The entire drillstring and bit are rotated using a rotary table, or using an above ground motor mounted on the top of the drill pipe known as a top drive. The bit can also be turned independently of the drillstring by a drilling fluid powered downhole motor, integrated into the drillstring just above the bit. Therefore speed of operation of the bit can vary with either the speed of the surface rotary mechanism or by the rate of pumping of drilling fluid through the downhole motor.
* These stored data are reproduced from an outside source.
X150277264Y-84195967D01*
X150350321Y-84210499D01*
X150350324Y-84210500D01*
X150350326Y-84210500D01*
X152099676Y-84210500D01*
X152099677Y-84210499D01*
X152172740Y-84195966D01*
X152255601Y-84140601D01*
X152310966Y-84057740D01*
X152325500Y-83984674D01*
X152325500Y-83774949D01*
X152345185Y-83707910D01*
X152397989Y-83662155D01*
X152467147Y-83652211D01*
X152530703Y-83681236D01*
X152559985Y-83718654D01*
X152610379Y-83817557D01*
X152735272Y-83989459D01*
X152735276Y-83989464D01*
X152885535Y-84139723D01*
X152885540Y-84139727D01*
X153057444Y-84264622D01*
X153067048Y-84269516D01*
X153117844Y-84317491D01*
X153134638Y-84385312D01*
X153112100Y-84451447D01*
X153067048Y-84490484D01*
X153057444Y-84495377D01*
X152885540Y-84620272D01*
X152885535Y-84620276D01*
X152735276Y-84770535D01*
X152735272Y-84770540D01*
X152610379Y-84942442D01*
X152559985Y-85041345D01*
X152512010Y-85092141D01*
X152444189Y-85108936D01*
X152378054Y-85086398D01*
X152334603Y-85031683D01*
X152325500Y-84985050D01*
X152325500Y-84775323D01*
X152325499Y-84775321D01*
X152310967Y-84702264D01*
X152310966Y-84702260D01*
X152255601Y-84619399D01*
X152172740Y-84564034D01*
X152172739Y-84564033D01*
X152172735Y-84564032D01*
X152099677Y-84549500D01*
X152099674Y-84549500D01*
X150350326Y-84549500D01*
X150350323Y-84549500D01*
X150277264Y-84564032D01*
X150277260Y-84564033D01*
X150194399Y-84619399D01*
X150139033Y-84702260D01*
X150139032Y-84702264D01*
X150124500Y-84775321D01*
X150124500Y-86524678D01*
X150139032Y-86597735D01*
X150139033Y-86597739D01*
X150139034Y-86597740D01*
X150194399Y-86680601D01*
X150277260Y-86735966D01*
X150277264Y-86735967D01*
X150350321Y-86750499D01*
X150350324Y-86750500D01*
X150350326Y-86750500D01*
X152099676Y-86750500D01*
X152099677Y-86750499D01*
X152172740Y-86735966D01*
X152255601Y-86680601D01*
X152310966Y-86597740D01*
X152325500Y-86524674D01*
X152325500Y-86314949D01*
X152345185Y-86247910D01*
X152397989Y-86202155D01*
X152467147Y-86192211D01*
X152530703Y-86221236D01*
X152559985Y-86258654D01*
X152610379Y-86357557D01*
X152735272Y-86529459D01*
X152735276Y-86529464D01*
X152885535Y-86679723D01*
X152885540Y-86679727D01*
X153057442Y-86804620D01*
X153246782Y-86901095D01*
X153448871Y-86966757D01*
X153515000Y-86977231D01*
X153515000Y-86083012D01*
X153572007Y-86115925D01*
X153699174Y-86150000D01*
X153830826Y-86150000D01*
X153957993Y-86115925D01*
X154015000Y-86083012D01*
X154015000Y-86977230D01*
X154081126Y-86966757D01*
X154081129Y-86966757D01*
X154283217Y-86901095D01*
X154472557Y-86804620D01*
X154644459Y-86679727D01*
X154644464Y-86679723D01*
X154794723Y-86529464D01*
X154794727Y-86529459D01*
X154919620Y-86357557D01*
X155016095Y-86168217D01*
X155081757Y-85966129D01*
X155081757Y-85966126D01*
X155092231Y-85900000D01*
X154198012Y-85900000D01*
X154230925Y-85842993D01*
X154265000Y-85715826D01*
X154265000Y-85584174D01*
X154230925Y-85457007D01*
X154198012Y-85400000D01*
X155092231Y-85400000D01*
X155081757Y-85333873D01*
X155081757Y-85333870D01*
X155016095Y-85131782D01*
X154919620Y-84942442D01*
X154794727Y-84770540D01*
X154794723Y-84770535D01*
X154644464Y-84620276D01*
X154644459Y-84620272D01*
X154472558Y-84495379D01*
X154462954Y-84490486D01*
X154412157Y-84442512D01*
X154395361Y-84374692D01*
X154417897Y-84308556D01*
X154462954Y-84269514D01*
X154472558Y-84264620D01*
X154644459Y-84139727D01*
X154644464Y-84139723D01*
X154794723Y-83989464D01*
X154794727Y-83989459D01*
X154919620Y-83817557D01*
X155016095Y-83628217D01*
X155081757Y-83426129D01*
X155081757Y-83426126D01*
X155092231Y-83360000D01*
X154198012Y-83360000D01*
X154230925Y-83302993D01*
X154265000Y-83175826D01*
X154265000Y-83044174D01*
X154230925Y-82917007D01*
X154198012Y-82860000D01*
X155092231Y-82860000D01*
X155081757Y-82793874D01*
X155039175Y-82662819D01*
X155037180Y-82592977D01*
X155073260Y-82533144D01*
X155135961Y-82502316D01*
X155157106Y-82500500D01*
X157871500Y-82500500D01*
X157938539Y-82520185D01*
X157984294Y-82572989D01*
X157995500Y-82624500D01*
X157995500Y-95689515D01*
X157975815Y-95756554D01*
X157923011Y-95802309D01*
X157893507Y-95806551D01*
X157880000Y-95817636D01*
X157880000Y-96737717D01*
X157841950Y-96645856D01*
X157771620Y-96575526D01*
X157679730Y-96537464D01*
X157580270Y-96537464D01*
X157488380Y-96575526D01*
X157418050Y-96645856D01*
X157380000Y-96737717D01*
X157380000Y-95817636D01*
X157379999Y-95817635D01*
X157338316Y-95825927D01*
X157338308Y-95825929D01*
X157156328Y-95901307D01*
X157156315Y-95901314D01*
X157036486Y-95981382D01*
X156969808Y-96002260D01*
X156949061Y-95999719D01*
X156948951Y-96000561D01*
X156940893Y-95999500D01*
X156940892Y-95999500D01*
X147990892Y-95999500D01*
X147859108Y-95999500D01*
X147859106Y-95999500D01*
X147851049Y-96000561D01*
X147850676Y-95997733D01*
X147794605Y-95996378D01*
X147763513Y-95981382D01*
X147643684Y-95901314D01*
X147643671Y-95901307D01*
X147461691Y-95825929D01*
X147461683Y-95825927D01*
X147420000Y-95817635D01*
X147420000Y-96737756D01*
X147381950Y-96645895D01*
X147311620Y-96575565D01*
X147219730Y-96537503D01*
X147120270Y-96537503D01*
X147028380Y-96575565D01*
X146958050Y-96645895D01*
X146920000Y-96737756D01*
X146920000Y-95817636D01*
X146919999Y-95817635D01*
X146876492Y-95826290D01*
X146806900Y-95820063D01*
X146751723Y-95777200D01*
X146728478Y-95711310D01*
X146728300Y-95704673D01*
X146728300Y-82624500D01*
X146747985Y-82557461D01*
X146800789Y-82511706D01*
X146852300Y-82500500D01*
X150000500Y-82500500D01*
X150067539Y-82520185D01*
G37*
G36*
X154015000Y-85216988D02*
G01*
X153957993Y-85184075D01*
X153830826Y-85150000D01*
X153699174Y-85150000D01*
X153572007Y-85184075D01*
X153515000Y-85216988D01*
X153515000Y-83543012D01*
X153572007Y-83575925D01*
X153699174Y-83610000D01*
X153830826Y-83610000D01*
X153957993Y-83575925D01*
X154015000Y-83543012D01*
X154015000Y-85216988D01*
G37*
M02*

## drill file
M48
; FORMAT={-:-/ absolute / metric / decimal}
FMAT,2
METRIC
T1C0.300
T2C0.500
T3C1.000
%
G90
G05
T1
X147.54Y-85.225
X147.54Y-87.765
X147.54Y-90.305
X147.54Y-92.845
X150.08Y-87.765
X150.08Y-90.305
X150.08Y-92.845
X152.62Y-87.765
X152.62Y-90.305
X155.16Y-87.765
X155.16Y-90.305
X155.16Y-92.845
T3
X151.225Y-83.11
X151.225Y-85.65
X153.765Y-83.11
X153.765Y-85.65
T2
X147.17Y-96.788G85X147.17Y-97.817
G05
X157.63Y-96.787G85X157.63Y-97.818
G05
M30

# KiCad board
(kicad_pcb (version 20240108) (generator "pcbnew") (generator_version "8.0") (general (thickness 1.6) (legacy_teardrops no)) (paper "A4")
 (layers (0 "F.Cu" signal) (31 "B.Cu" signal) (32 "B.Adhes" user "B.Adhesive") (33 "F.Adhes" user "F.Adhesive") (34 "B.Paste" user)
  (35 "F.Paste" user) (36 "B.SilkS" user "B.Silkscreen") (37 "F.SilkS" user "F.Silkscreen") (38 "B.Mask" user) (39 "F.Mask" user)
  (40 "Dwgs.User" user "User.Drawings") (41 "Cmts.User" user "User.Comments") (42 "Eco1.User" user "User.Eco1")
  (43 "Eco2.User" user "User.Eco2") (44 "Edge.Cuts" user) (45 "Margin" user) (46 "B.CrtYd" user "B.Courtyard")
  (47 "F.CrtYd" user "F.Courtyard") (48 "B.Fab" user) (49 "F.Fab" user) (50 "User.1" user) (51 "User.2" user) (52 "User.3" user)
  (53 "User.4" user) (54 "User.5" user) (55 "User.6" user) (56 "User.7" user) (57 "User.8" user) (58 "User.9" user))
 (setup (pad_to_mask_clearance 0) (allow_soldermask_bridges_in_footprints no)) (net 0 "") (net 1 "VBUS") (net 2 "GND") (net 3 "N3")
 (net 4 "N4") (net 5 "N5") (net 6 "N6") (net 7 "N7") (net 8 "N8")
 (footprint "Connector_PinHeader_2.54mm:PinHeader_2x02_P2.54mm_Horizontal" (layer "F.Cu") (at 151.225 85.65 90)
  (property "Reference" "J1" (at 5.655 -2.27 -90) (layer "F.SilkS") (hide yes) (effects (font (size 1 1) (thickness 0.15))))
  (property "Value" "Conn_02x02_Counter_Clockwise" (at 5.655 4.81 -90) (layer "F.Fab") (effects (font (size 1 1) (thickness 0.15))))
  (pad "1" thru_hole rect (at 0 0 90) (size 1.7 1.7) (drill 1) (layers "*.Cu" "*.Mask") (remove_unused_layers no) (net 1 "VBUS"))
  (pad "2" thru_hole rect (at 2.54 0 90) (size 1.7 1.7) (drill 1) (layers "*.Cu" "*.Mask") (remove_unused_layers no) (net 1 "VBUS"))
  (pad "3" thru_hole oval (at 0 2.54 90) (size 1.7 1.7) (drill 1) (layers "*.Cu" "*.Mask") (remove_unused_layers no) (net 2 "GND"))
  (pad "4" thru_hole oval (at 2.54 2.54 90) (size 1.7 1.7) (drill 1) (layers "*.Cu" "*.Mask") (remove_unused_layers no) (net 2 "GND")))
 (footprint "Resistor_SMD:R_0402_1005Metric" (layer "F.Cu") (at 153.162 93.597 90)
The bit is the apparatus which provides the necessary crushing/cutting action to penetrate the rock layers as the wellbore is drilled deeper, and it is used in combination with the weight provided by the entire drillstring that exists above it to provide the necessary force to penetrate the rock layers. Bit types vary and have different designs in their profile in regards to items such as cutter design and profile and are predominantly selected based on the formation type being drilled.
The bit penetrates its way through layers of underground formations until it reaches target prospects—rocks which contain hydrocarbons at a given temperature and pressure. These hydrocarbons are contained within the pore space of the rock (i.e. the void space) and can contain water, oil, and gas constituents—referred to as reservoirs. Due to overburden forces from layers of rock above, these reservoir fluids are contained and trapped within the pore space at a known or unknown pressure, referred to as pore pressure.
A fluid of a given density fills and circulates the annulus of the drilled hole. The purpose of this drilling fluid/mud is to lubricate, carry drilled rock cuttings to surface, cool the drill bit, and power the downhole motor and other tools. Mud is a very broad term and in this context it is used to describe any fluid or fluid mixture that covers a broad spectrum from air, nitrogen, misted fluids in air or nitrogen, foamed fluids with air or nitrogen, aerated or nitrified fluids, to heavily weighted mixtures of oil and water with solids particles. Most importantly this fluid and its resulting hydrostatic pressure—the pressure that it exerts at the bottom of the hole from its given density—prevent the reservoir fluids at their existing pore pressure from entering the drilled annulus. The drilling fluid must also exert a pressure less than the fracture pressure of the formation, which is where fluid will be forced into the rock as a result of pressure in the wellbore exceeding the formation's horizontal stress forces.
The bottom hole pressure (BHP) exerted by the hydrostatic pressure of the drilling fluid is the primary barrier for preventing influx from the formation. BHP can be expressed in terms of static BHP or dynamic/circulating BHP. Static BHP relates to the BHP value when the mud pumps are not in operation. Dynamic or circulating BHP refers to the BHP value when the pumps are in operation during drilling or circulating. It is the density property of the drilling fluid system that is primarily used for controlling the BHP so an influx event does not occur. Conventional methods use the density of the drilling fluid to control a point pressure in the wellbore, for example at the bottom of the hole (BHP), and are not used for pressure control along the entire length of the wellbore.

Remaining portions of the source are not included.